The present disclosure will now be described by way of example with reference to the following drawings in which:
The use of the same reference symbols in different drawings may indicate similar or identical items.
The following description in combination with the Figures is provided to assist in understanding the teachings disclosed herein. The description is focused on specific implementations and embodiments of the teachings, and is provided to assist in describing the teachings. This focus should not be interpreted as a limitation on the scope or applicability of the teachings.
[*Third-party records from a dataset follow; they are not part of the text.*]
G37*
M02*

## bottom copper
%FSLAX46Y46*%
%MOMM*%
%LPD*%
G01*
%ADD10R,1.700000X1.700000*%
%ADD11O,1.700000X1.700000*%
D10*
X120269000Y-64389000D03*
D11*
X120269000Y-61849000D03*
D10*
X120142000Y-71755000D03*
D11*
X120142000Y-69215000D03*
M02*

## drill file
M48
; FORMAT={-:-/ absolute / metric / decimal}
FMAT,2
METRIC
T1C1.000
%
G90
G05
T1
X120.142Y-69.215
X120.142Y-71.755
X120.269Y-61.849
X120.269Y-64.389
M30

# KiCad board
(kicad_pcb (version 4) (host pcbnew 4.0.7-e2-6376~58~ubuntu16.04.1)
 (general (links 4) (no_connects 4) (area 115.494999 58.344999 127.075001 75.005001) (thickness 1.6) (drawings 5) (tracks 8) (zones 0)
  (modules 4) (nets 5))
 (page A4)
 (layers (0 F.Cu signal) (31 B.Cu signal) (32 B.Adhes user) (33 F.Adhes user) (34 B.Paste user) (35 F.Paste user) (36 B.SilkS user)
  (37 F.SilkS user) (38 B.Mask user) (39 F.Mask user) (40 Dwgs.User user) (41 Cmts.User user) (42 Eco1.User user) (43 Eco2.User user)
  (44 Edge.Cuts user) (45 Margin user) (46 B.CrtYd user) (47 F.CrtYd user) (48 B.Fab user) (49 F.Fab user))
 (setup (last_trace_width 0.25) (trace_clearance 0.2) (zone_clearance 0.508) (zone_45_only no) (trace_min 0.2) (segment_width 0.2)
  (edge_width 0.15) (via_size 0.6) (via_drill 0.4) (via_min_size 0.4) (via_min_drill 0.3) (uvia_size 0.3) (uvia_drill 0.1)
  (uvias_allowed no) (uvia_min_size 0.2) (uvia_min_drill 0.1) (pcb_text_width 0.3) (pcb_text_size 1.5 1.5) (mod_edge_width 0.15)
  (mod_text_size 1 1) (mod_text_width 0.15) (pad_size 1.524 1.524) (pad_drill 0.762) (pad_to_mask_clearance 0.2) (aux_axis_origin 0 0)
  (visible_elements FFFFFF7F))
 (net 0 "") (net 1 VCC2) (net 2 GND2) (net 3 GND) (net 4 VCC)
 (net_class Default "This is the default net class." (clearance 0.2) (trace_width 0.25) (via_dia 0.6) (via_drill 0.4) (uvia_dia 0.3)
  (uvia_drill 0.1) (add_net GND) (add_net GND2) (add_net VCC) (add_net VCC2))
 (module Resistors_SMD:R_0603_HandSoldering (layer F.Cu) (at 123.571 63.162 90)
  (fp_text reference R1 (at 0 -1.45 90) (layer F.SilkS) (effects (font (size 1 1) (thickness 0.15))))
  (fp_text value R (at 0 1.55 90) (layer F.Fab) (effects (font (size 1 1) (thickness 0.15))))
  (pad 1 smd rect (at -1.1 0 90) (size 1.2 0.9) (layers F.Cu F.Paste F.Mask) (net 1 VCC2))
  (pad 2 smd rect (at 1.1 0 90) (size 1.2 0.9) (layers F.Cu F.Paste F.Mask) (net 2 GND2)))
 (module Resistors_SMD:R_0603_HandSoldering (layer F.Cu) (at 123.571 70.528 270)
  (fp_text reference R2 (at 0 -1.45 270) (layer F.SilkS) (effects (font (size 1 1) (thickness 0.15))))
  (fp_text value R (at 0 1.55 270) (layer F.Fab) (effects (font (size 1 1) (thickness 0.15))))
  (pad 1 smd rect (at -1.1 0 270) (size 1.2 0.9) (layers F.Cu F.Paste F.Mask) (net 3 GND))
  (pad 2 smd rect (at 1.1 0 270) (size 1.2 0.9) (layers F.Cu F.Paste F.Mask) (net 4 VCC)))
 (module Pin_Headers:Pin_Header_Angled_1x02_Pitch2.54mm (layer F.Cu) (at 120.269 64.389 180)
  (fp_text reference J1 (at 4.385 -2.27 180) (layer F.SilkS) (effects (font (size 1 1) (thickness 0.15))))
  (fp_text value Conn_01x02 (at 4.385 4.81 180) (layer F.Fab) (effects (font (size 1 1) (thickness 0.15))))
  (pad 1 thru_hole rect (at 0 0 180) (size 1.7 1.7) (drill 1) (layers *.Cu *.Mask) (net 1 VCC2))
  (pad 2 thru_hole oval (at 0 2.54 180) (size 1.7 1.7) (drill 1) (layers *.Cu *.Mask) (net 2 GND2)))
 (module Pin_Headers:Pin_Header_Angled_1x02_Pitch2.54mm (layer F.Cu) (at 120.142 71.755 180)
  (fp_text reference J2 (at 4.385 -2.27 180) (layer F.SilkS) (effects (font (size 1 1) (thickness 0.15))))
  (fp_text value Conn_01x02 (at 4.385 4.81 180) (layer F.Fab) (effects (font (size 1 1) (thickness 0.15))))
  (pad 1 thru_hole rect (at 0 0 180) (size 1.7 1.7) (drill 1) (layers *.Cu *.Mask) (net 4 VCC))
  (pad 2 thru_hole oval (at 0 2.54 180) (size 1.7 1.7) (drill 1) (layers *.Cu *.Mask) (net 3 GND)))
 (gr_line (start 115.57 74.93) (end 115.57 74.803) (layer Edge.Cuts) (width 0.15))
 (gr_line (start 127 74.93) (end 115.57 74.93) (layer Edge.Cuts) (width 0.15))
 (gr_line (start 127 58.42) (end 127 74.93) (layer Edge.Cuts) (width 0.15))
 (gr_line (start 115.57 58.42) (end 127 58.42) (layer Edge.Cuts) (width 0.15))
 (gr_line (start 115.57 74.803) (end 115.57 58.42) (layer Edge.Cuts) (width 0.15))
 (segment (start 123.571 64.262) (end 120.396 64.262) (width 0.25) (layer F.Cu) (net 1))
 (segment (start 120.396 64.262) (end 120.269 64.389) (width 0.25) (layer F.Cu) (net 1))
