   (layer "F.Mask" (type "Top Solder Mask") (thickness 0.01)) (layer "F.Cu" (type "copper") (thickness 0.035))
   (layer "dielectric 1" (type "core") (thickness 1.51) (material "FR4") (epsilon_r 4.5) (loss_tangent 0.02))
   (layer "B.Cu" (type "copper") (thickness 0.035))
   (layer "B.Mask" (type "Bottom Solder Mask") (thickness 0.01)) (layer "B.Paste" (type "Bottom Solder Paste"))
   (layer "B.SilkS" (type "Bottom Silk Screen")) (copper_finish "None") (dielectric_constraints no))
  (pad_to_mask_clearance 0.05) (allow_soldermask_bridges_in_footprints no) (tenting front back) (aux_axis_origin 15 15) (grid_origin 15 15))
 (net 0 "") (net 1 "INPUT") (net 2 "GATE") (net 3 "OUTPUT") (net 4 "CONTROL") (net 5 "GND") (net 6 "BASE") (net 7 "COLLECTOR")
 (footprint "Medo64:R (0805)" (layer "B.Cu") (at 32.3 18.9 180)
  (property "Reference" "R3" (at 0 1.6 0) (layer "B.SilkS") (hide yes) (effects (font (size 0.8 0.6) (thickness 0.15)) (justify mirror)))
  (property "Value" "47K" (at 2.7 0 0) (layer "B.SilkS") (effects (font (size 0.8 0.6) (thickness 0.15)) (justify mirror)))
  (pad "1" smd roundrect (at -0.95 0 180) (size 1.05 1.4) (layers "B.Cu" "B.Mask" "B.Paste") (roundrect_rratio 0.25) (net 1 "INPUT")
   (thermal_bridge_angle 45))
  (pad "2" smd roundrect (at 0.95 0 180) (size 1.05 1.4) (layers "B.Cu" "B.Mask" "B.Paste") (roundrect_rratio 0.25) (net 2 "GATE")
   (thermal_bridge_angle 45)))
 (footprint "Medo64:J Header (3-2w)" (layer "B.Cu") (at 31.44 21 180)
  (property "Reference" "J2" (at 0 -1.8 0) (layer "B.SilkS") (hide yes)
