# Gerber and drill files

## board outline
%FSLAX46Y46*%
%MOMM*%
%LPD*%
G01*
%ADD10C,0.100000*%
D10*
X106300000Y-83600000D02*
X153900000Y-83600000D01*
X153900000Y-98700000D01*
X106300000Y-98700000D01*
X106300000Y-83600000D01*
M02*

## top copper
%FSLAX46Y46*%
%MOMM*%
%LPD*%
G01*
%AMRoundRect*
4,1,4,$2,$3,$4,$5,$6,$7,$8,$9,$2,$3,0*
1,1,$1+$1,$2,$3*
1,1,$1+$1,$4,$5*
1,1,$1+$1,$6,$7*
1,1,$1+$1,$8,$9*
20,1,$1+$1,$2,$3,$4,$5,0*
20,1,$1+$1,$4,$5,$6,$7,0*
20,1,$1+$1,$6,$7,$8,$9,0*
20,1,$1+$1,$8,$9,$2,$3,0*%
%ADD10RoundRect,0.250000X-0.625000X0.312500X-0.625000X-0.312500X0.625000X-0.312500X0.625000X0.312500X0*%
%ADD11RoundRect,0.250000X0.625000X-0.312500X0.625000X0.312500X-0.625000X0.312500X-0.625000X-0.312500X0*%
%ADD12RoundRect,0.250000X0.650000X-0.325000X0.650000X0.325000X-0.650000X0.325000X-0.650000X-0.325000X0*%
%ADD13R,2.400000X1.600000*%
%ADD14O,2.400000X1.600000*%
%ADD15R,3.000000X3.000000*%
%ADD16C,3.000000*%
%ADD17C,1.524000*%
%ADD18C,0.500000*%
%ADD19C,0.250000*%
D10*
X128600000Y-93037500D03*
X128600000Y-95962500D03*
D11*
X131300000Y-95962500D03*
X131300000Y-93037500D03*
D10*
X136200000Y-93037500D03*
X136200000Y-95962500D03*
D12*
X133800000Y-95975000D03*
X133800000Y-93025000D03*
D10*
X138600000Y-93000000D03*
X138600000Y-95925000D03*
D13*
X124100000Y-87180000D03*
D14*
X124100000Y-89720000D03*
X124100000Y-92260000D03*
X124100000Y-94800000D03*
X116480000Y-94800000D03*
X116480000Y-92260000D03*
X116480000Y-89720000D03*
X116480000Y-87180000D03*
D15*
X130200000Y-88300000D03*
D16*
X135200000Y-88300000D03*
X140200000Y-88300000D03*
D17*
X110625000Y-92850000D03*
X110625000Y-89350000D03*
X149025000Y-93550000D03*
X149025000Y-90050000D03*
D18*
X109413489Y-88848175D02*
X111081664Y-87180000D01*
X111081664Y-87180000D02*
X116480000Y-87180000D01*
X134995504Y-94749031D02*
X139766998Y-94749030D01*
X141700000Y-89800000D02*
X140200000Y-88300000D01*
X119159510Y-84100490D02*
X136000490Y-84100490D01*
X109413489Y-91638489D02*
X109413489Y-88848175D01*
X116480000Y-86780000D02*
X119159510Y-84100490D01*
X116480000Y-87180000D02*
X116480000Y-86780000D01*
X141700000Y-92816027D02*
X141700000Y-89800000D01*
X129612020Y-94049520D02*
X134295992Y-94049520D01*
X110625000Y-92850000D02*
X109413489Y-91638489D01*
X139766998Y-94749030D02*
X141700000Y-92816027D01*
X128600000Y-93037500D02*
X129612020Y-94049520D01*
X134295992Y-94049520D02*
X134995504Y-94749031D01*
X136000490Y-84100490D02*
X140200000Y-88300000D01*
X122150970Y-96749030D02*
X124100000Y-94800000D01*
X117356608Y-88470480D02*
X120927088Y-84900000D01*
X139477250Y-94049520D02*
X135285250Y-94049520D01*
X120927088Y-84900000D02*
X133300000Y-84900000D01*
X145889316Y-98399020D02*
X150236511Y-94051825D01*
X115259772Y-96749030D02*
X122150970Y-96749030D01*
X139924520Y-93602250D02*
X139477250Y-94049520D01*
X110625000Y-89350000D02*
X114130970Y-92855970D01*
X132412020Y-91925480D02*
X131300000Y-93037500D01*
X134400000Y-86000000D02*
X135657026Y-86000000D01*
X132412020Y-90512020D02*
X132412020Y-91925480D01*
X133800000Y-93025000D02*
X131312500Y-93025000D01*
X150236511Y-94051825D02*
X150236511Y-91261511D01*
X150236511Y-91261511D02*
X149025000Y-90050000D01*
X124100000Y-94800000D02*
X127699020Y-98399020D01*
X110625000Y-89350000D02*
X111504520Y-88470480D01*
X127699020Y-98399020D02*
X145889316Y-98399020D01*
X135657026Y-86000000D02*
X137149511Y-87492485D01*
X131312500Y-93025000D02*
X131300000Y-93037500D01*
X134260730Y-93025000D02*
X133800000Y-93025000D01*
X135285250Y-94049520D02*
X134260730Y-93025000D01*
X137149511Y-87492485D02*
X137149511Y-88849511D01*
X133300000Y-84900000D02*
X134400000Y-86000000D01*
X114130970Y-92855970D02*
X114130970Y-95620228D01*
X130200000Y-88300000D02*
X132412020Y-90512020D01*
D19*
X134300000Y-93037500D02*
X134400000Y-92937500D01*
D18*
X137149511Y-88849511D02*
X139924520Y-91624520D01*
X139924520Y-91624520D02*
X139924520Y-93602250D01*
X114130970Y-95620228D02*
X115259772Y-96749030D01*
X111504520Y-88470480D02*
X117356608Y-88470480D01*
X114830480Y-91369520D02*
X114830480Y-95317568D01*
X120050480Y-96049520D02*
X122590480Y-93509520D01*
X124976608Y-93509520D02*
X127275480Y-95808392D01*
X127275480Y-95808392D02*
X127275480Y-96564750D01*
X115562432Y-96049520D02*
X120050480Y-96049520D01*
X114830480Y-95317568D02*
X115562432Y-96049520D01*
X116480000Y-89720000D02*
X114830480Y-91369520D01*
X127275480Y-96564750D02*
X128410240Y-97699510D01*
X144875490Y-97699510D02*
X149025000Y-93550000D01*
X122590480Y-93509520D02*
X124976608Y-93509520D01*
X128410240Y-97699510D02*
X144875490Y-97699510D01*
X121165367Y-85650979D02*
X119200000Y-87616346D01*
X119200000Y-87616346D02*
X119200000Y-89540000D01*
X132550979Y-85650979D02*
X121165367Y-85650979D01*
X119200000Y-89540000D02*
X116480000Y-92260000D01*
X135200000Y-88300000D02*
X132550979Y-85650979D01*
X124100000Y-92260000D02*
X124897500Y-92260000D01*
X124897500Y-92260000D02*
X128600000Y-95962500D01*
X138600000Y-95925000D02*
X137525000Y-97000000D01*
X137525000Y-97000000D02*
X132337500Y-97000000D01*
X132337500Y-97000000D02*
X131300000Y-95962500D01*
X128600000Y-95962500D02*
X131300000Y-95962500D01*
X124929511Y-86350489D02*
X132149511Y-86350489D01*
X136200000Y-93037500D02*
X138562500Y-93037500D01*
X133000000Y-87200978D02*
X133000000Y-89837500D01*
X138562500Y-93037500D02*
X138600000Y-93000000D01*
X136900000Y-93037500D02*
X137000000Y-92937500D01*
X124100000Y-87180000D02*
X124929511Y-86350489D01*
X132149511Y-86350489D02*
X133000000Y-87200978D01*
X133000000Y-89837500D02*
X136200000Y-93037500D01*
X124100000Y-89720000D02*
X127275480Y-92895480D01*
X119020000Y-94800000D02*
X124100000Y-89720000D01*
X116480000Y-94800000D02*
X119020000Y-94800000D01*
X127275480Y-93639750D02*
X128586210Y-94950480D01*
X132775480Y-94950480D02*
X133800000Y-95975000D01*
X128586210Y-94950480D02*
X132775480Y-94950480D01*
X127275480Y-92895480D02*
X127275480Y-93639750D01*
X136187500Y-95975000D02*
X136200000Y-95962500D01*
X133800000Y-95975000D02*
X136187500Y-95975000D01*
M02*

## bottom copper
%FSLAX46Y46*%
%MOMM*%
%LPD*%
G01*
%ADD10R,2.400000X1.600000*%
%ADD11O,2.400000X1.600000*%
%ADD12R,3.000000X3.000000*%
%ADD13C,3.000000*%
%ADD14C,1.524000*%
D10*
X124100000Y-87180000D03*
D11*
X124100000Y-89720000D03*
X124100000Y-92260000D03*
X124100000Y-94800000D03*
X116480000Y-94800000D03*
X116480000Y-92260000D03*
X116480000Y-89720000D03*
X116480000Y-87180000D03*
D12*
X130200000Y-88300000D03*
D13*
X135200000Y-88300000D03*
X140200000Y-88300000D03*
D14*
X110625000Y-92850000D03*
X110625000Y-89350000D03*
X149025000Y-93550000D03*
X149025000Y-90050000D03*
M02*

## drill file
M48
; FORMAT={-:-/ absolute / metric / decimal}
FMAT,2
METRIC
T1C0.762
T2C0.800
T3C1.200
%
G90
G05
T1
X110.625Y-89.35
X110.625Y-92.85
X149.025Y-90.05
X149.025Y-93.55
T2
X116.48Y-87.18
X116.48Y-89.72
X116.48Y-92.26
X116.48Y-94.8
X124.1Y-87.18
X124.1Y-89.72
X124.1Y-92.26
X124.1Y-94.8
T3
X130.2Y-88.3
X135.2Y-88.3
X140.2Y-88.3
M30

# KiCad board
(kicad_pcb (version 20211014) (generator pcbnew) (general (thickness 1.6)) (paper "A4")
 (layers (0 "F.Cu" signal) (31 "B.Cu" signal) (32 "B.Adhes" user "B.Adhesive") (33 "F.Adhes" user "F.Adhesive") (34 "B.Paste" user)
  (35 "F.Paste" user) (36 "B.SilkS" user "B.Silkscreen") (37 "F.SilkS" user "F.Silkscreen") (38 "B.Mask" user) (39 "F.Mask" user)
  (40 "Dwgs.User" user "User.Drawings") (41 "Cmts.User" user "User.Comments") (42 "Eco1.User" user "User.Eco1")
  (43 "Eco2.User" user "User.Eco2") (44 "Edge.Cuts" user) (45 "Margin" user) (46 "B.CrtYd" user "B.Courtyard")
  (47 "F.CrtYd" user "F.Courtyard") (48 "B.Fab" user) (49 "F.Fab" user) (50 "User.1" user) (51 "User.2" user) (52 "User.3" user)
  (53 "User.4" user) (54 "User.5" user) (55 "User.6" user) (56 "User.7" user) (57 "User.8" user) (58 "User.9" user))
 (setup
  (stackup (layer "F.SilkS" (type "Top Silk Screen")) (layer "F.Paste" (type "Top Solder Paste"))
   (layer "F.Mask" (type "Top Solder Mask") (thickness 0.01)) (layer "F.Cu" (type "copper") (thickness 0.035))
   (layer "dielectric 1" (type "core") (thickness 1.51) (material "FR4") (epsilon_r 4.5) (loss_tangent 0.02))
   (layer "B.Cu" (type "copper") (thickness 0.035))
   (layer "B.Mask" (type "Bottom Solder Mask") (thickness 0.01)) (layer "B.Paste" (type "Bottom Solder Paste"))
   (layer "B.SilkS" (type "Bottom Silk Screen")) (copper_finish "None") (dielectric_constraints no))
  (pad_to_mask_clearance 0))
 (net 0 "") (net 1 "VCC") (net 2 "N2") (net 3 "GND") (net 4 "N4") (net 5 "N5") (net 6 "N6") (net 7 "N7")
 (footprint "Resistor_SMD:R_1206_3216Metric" (layer "F.Cu") (at 128.6 94.5 -90)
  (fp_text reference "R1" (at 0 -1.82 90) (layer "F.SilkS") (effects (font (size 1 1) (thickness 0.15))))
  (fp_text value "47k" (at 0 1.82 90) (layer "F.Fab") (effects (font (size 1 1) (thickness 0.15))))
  (pad "1" smd roundrect (at -1.4625 0 270) (size 1.125 1.75) (layers "F.Cu" "F.Paste" "F.Mask") (roundrect_rratio 0.2222222222)
   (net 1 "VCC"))
  (pad "2" smd roundrect (at 1.4625 0 270) (size 1.125 1.75) (layers "F.Cu" "F.Paste" "F.Mask") (roundrect_rratio 0.2222222222) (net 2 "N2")))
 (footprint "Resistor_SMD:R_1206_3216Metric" (layer "F.Cu") (at 131.3 94.5 90)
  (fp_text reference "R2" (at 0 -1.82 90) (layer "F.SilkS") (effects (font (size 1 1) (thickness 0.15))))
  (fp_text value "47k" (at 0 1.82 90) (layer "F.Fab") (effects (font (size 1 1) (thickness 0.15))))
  (pad "1" smd roundrect (at -1.4625 0 90) (size 1.125 1.75) (layers "F.Cu" "F.Paste" "F.Mask") (roundrect_rratio 0.2222222222) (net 2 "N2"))
  (pad "2" smd roundrect (at 1.4625 0 90) (size 1.125 1.75) (layers "F.Cu" "F.Paste" "F.Mask") (roundrect_rratio 0.2222222222) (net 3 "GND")))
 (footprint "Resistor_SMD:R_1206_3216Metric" (layer "F.Cu") (at 136.2 94.5 -90)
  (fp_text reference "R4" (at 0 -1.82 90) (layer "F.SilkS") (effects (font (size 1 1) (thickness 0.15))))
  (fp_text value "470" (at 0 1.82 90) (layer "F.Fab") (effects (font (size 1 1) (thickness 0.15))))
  (pad "1" smd roundrect (at -1.4625 0 270) (size 1.125 1.75) (layers "F.Cu" "F.Paste" "F.Mask") (roundrect_rratio 0.2222222222)
   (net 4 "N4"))
  (pad "2" smd roundrect (at 1.4625 0 270) (size 1.125 1.75) (layers "F.Cu" "F.Paste" "F.Mask") (roundrect_rratio 0.2222222222) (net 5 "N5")))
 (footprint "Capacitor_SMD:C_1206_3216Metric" (layer "F.Cu") (at 133.8 94.5 90)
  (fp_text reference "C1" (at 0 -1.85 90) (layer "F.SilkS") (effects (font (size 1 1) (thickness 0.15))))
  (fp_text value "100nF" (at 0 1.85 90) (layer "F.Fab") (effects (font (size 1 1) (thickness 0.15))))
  (pad "1" smd roundrect (at -1.475 0 90) (size 1.15 1.8) (layers "F.Cu" "F.Paste" "F.Mask") (roundrect_rratio 0.2173913043) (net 5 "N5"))
  (pad "2" smd roundrect (at 1.475 0 90) (size 1.15 1.8) (layers "F.Cu" "F.Paste" "F.Mask") (roundrect_rratio 0.2173913043) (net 3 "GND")))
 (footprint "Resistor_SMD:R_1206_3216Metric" (layer "F.Cu") (at 138.6 94.4625 -90)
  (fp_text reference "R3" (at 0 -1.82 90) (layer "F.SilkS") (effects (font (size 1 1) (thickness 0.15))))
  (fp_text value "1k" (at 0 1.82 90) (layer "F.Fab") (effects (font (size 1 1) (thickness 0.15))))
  (pad "1" smd roundrect (at -1.4625 0 270) (size 1.125 1.75) (layers "F.Cu" "F.Paste" "F.Mask") (roundrect_rratio 0.2222222222)
   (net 4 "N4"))
  (pad "2" smd roundrect (at 1.4625 0 270) (size 1.125 1.75) (layers "F.Cu" "F.Paste" "F.Mask") (roundrect_rratio 0.2222222222) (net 2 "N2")))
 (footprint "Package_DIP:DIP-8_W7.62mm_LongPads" (layer "B.Cu") (at 124.1 87.18 180)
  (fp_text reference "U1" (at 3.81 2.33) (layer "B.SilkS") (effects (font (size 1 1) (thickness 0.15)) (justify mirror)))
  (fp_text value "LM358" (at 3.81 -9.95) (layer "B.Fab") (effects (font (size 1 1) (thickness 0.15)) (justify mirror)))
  (pad "1" thru_hole rect (at 0 0 180) (size 2.4 1.6) (drill 0.8) (layers *.Cu *.Mask) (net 4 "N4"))
  (pad "2" thru_hole oval (at 0 -2.54 180) (size 2.4 1.6) (drill 0.8) (layers *.Cu *.Mask) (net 5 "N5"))
  (pad "3" thru_hole oval (at 0 -5.08 180) (size 2.4 1.6) (drill 0.8) (layers *.Cu *.Mask) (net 2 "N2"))
  (pad "4" thru_hole oval (at 0 -7.62 180) (size 2.4 1.6) (drill 0.8) (layers *.Cu *.Mask) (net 3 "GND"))
  (pad "5" thru_hole oval (at 7.62 -7.62 180) (size 2.4 1.6) (drill 0.8) (layers *.Cu *.Mask) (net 5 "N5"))
  (pad "6" thru_hole oval (at 7.62 -5.08 180) (size 2.4 1.6) (drill 0.8) (layers *.Cu *.Mask) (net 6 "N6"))
  (pad "7" thru_hole oval (at 7.62 -2.54 180) (size 2.4 1.6) (drill 0.8) (layers *.Cu *.Mask) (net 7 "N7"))
  (pad "8" thru_hole oval (at 7.62 0 180) (size 2.4 1.6) (drill 0.8) (layers *.Cu *.Mask) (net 1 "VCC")))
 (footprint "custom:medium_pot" (layer "B.Cu") (at 130.2 88.3 -90)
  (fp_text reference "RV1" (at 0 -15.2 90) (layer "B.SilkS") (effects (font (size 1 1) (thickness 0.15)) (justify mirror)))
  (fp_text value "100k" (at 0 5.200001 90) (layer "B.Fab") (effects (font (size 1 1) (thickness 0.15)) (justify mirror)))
Conventional software development and distribution models have involved development of an executable software application, and distribution of a computer-readable medium, such as a CD-ROM, or distribution via download of the application from the worldwide web to an end user. Upon receipt of the computer-readable medium or downloaded application, the end user executes installation files stored on the CD-ROM to install the executable software application on the user's personal computer (PC), etc. When the software is initially executed on the user's PC, the application may be further configured/customized to recognize or accept input relating to aspects of the user's PC, network, etc., to provide a software application that is customized for a particular user's computing system. This simple, traditional approach has been used in a variety of contexts, with software for performing a broad range of different functionality. While this model might be satisfactory for individual end users, it is undesirable in sophisticated computing environments.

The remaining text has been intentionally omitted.